В этой связи особенно интересен ярко сатирический образ Чаплина, прототипом которого является знаменитый граф Муравьев — вешатель, впоследствии один из наиболее жестоких палачей освободительного движения. Только либеральные дурачки, вроде Рязанцева, или лицемерные интриганы, как Савелов, могут называть Чаплина «единственным решительным партизаном либеральных принципов освобождения» (184).
В том, что человек этого склада хоть и ненадолго выступает в роли «реформатора», особенно ярко сказывается принудительный характер реформы «сверху».

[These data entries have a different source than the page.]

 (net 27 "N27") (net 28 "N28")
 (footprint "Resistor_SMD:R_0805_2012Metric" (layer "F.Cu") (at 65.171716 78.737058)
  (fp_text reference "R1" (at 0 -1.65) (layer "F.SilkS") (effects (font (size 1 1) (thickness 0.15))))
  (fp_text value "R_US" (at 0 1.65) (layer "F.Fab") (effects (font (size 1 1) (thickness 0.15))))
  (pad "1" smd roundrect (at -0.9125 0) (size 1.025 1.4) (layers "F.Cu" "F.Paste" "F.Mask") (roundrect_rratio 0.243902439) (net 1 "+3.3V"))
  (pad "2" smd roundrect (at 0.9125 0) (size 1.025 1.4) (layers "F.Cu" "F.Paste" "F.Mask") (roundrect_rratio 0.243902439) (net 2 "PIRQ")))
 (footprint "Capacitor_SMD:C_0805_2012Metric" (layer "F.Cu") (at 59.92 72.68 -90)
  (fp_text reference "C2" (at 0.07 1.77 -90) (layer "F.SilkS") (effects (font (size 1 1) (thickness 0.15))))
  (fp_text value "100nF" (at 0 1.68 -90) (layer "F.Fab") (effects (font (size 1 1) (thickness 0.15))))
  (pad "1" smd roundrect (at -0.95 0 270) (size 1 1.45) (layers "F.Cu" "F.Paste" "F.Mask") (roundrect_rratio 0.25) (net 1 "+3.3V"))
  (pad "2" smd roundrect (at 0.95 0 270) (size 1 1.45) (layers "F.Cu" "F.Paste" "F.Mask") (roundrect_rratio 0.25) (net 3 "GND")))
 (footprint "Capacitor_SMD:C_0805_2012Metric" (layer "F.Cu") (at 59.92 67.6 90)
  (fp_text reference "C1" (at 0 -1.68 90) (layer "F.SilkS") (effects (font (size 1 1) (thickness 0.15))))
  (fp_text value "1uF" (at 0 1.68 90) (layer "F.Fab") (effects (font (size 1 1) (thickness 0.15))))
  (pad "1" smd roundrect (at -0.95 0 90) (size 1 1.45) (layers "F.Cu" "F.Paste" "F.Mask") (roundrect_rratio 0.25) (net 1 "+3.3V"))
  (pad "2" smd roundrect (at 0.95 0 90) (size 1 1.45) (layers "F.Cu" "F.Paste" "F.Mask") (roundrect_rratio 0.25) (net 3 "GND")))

Чаплин в отличие от Савелова не прячет свой сущности, а, наоборот, нагло выставляет напоказ все свое безобразие. Не случайно по манере сатирического изображения этот образ ближе всех к гоголевским сатирическим образам. Чаплин — прямое воплощение отжившего и умирающего порядка, еще претендующего на влияние и господство в жизни, еще не сознающего своей исторической обреченности. Он представляет в романе крепостническую реакцию в ее, так сказать, натуральном виде, без всяких прикрас. Чернышевский использует самые простые формы комизма, соответствующие примитивности и грубости самого объекта изображения, в первую очередь фарс. «Комическое называется фарсом, когда ограничивается одними внешними действиями и одним наружным безобразием. К этому роду комического относятся длинные носы, толстые животы, долговязые ноги и т. п.; к нему же относятся все неловкости, всякая неуклюжесть; например, нелепая, неловкая походка, смешные- приемы и привычки» (II, 187).

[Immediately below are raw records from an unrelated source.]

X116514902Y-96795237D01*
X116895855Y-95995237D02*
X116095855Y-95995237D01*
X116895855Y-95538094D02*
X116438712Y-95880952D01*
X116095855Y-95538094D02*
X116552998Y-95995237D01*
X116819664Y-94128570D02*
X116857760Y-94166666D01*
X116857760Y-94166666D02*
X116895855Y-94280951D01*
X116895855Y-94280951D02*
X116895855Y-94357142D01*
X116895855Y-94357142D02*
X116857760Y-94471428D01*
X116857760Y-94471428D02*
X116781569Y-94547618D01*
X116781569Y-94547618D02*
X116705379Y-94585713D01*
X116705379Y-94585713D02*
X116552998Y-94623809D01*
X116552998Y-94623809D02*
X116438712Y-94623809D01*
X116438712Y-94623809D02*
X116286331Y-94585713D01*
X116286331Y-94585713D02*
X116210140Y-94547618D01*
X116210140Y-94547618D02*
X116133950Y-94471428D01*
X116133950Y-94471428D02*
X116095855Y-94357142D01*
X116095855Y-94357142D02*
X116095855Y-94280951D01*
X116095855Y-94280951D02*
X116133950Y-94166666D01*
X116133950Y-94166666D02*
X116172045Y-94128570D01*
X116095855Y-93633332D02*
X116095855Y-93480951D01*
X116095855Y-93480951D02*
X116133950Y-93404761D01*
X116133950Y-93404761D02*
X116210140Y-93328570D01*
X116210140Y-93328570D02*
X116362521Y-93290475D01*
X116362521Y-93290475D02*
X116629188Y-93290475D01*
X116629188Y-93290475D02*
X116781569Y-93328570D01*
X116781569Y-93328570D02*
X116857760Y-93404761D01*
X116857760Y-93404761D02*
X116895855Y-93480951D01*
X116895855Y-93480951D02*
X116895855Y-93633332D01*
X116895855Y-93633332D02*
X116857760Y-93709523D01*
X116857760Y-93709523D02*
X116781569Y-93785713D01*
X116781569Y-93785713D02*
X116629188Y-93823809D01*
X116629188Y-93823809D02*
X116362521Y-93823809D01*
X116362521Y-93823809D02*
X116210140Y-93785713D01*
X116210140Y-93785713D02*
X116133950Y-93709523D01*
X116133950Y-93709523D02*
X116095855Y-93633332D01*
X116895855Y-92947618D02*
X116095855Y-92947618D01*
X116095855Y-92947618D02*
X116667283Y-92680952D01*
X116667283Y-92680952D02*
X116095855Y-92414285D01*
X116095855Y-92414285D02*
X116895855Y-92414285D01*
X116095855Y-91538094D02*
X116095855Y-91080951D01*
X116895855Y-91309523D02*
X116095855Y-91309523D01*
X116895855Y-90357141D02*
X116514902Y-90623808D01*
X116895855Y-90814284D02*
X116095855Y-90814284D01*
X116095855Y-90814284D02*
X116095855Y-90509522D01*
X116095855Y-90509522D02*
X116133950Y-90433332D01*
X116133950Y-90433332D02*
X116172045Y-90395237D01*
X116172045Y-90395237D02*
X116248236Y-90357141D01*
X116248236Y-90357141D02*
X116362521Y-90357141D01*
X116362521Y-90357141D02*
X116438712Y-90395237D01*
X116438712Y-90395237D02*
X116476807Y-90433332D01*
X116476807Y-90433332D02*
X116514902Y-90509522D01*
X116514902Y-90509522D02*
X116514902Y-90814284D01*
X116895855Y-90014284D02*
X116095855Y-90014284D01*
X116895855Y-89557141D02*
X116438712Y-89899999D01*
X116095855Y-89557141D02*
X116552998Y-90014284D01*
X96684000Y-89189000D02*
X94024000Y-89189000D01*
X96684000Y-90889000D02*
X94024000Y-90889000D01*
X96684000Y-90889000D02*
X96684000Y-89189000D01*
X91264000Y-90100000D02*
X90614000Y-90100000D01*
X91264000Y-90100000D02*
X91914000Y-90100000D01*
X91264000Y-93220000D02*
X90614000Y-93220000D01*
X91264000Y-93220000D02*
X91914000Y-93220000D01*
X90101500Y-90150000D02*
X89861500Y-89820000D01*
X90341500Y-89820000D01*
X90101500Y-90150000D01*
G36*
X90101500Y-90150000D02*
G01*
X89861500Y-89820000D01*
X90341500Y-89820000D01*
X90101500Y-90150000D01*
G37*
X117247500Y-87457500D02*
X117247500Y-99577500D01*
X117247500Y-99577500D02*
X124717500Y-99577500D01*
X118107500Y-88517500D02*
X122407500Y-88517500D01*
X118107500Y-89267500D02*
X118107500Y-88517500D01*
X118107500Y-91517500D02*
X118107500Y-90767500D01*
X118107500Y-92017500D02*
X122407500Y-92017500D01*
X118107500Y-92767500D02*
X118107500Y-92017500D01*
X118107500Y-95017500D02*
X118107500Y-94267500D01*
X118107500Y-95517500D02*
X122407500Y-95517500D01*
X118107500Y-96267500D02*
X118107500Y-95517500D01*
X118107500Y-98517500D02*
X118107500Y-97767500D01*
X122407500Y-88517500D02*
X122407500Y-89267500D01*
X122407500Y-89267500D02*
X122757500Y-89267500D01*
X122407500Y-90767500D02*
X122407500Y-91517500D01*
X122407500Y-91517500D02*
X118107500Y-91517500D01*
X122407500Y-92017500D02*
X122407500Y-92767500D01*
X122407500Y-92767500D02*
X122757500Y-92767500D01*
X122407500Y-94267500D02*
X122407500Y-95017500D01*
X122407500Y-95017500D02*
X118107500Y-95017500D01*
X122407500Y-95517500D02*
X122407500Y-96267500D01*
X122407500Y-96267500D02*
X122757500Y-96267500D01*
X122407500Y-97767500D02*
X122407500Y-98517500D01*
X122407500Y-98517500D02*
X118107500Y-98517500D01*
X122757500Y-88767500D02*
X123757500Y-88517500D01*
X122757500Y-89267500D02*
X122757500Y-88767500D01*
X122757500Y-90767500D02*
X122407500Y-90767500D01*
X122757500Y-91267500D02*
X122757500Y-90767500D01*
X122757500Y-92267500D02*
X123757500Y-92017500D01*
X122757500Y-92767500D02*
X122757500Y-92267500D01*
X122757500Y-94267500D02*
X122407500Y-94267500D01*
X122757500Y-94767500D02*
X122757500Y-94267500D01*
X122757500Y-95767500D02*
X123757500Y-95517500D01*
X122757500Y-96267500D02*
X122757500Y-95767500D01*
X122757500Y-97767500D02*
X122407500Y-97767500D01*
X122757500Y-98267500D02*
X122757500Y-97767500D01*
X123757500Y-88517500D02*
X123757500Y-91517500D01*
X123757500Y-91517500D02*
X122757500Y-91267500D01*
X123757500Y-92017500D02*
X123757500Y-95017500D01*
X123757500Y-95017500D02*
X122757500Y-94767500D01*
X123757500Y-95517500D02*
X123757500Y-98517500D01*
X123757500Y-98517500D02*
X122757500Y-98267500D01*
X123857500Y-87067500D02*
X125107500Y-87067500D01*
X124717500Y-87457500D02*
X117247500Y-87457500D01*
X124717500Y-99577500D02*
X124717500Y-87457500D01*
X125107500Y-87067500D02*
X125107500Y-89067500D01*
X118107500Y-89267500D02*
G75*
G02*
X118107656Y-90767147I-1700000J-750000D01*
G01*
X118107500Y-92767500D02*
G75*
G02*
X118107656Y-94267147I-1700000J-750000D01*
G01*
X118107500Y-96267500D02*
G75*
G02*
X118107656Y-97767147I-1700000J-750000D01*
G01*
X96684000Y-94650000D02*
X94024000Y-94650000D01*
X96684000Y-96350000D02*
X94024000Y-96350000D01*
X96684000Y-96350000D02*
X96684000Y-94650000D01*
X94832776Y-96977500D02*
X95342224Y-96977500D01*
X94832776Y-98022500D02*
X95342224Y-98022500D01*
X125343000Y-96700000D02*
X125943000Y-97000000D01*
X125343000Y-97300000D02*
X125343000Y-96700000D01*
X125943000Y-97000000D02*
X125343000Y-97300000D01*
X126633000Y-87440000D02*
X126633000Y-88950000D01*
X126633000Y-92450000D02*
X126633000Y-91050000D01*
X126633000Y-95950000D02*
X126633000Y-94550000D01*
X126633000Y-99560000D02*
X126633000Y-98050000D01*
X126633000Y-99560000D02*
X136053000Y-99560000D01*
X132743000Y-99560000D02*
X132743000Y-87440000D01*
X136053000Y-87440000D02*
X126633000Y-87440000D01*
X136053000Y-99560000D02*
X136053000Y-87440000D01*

Приемами фарса Чернышевский создает портрет Чаплина, пластически выражающий его скотоподобную сущность: «…в двери ввалила низенькая, еще вовсе не пожилая человекоподобная масса.
«Ввалила, — потому что она не шла, а валила, высоко подымая колени и откидывая их вбок, хлопотливо работая и руками, оттопырившимися далеко от корпуса, будто подмышками было положеио по арбузу, ворочаясь всем корпусом, с выпятившимся животом, ворочаясь и головою с отвислыми брылами до плеч, с полуоткрытым, слюнявым ртом, поочередно суживавшимся и расширявшимся при каждом взрыве сопа и храпа, с оловянными, заплывшими салом крошечными глазками… Без малейшего сомнения, это был переодетый мясник: по лицу нельзя было не угадать. Не то, чтобы оно имело выражение кровожадности или хоть жестокости; но оно не имело никакого человеческого выражения, — ни даже идиотского, потому что и на лице идиота есть какой‑нибудь, хоть очень слабый и искаженный, отпечаток человеческого смысла; а на этом лице было полнейшее бессмыслие, — коровье бессмыслие» (167).